Negotiations means a joint undertaking by disputants with the aim of settling their disputes on the basis of mutual compromise. Negotiation is a basic political decision-making process, a way of finding common interests, to facilitate compromise without loss of what each considers to be essential objectives. For the parties in a conflict to seek a compromise requires a certain climate – an informed public opinion that will accept the compromise and build better future relations on the agreement.
The challenges posed by the conflicts in Mali, Ukraine, Myanmar, Libya, Cyprus and Kurdistan need to be measured against the broad concept of security. Barry Buzan of the University of Copenhagen sets out four types of security:
- Political security concerns the organizational stability of states, systems of government, and the ideologies that give them legitimacy.
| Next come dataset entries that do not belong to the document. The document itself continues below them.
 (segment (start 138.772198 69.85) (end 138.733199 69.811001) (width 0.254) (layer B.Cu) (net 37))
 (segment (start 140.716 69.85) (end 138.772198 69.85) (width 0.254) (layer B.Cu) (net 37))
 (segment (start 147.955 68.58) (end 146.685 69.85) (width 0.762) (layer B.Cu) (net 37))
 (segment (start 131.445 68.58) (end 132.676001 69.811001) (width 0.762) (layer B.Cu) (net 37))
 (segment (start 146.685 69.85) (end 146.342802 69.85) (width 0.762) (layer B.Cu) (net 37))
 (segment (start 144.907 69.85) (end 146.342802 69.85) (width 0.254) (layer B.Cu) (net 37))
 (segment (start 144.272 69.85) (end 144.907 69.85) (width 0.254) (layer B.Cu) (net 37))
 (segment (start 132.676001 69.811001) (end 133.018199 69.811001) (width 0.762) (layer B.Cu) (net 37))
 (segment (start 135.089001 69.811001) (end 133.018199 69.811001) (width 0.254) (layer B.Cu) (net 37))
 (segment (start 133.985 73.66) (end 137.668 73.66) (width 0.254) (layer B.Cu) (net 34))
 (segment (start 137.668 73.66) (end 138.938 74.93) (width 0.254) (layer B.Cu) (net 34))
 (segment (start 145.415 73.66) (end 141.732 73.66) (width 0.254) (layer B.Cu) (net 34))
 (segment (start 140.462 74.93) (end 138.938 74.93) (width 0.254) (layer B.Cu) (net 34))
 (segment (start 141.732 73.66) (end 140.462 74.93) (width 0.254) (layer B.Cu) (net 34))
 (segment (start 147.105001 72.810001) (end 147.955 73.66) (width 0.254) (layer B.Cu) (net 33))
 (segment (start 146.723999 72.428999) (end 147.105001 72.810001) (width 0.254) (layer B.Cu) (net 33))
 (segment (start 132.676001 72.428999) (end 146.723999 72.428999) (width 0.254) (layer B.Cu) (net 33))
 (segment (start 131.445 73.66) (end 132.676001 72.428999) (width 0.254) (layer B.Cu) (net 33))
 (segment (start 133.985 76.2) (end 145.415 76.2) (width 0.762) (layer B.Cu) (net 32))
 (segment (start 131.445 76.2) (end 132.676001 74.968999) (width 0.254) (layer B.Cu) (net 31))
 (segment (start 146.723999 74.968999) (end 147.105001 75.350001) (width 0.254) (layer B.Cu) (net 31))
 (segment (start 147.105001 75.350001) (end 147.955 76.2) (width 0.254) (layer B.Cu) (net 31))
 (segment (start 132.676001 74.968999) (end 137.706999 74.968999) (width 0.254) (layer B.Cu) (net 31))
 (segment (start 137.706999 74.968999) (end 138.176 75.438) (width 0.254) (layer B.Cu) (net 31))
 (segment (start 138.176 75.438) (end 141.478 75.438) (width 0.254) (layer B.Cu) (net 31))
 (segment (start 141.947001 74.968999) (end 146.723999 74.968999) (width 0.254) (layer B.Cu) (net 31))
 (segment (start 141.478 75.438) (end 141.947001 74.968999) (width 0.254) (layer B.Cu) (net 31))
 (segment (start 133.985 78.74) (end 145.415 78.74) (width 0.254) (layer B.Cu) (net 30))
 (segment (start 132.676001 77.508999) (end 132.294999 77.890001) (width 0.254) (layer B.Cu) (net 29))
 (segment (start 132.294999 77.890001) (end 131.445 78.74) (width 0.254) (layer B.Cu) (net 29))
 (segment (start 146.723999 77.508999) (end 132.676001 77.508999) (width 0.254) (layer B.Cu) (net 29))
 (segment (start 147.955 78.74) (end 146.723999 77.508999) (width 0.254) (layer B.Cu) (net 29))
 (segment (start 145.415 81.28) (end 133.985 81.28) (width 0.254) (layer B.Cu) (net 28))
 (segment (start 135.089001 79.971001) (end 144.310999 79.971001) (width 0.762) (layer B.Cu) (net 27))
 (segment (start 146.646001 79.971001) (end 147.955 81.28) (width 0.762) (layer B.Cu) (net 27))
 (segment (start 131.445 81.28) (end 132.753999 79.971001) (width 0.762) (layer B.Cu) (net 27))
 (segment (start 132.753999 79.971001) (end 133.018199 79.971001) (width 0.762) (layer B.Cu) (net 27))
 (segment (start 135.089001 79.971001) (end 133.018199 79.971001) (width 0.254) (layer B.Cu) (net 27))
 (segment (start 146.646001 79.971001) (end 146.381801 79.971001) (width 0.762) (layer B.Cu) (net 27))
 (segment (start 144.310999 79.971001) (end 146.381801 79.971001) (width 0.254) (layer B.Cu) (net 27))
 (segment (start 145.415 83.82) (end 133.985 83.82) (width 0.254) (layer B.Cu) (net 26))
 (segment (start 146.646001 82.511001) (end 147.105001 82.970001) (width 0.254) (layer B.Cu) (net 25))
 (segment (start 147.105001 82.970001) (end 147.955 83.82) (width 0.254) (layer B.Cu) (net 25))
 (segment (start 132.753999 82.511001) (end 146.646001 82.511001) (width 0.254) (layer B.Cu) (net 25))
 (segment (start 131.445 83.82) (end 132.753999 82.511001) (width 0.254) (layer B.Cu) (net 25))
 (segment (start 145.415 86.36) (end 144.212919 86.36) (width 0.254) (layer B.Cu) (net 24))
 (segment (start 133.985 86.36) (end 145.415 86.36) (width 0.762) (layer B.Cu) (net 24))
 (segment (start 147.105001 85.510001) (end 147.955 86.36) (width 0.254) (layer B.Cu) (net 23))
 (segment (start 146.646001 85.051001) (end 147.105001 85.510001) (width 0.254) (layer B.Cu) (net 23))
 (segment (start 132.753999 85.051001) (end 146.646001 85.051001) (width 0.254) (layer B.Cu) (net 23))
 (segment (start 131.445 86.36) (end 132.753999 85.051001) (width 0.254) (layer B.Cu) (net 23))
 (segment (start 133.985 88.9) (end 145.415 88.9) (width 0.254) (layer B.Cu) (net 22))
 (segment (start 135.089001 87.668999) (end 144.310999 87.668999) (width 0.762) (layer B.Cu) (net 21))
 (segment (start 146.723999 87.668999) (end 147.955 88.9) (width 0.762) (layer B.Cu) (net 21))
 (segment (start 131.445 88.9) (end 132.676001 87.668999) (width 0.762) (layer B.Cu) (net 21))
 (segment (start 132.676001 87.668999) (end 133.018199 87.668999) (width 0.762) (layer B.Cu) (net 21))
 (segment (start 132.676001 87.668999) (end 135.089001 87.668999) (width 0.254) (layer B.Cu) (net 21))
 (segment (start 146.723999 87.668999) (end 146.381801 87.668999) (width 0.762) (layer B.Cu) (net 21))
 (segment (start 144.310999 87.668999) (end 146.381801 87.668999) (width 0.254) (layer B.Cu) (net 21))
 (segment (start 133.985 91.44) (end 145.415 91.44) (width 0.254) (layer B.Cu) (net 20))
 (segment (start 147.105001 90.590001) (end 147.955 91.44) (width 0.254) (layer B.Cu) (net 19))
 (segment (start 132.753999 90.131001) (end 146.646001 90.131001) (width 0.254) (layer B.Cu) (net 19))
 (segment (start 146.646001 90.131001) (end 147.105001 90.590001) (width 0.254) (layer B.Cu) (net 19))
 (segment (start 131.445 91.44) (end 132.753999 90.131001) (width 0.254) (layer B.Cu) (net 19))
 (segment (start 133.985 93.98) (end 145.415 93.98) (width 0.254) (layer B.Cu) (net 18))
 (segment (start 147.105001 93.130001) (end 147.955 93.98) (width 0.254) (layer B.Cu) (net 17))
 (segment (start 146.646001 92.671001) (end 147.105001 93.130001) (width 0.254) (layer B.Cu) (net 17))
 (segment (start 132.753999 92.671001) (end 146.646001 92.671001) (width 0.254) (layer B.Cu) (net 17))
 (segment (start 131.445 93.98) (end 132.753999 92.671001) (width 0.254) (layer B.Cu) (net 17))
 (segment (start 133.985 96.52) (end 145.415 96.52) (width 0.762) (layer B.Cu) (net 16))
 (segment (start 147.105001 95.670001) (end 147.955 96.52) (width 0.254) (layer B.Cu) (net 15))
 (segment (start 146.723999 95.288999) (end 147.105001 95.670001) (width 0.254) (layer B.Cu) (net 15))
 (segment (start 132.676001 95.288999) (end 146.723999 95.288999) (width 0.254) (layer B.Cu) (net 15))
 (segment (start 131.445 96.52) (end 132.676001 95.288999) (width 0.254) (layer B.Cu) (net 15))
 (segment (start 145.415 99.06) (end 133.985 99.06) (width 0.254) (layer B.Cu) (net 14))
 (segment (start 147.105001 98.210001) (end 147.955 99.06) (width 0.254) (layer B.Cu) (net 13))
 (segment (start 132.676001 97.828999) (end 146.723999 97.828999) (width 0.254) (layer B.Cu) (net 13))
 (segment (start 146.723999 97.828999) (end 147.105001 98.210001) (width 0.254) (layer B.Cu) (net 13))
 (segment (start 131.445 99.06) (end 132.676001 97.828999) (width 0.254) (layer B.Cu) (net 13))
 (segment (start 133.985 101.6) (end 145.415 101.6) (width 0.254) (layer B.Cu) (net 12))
- Economic security concerns access to the resources, finances and markets necessary to sustain acceptable levels of welfare.
- Societal security concerns the sustainability within acceptable conditions of the evolution of traditional patterns of language, culture, religions and customs.
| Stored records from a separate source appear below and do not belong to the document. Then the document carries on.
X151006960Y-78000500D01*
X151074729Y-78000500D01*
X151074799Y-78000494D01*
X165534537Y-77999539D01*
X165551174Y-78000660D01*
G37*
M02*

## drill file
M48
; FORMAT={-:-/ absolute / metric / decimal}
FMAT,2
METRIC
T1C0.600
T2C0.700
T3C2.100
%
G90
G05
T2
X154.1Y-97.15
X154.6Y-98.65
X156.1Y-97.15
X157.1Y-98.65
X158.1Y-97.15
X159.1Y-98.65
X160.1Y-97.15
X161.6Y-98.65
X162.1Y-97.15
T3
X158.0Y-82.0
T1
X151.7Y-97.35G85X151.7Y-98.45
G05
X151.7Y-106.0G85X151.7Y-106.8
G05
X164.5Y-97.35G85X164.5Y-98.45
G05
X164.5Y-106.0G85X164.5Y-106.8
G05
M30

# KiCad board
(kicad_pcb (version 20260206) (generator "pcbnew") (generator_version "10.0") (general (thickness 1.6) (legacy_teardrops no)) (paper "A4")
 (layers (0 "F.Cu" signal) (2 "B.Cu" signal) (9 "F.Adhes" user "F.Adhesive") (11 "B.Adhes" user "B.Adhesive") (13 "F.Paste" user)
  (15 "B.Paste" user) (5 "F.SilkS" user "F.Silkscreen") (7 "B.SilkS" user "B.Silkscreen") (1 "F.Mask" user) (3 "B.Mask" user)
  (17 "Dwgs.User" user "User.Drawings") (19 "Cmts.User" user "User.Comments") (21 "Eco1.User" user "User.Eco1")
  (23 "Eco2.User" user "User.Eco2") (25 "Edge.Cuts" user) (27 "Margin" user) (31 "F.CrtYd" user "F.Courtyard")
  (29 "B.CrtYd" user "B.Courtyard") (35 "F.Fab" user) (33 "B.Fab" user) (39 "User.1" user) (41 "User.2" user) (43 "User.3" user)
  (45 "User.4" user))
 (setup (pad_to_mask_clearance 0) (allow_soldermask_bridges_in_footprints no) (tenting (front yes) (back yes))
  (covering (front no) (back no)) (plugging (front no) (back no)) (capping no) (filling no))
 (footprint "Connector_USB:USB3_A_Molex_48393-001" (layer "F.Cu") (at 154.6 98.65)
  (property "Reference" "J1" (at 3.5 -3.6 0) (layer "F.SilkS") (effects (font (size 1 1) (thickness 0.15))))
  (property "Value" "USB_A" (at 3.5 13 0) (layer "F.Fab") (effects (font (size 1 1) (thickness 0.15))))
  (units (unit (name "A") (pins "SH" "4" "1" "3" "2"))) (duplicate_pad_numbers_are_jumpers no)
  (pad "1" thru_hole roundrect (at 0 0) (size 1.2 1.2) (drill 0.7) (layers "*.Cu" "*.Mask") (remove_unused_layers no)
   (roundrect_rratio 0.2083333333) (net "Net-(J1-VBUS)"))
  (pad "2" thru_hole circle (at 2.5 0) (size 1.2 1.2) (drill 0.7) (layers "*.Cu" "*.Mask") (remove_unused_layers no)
- Environmental security concerns the maintenance of the local and the planetary biosphere as the essential support system on which all other human enterprises depend.
One of the difficulties in each situation is what I would call “the frozen image of the other”. In each case, the group or groups demanding new State structures are seen in the minds of the current government authorities as being the same people with the same aspirations as when the demands were first made: the Karen of Myanmar today are the same as the Karen of the Union of Burma in 1947; the Tuareg of north Mali today are the same as those calling for the creation of an independent State in 1940 when the withdrawal of French troops to Dakar had left a political vacuum.
However, there have been evolutions in policy proposals and in the level of education and experience of new leadership of those demanding autonomy. Yet “frozen images” exist and need to be overcome within all decision-makers involved. The modification of “frozen images” is one of the tasks of non-governmental organizations and Track II diplomatic efforts.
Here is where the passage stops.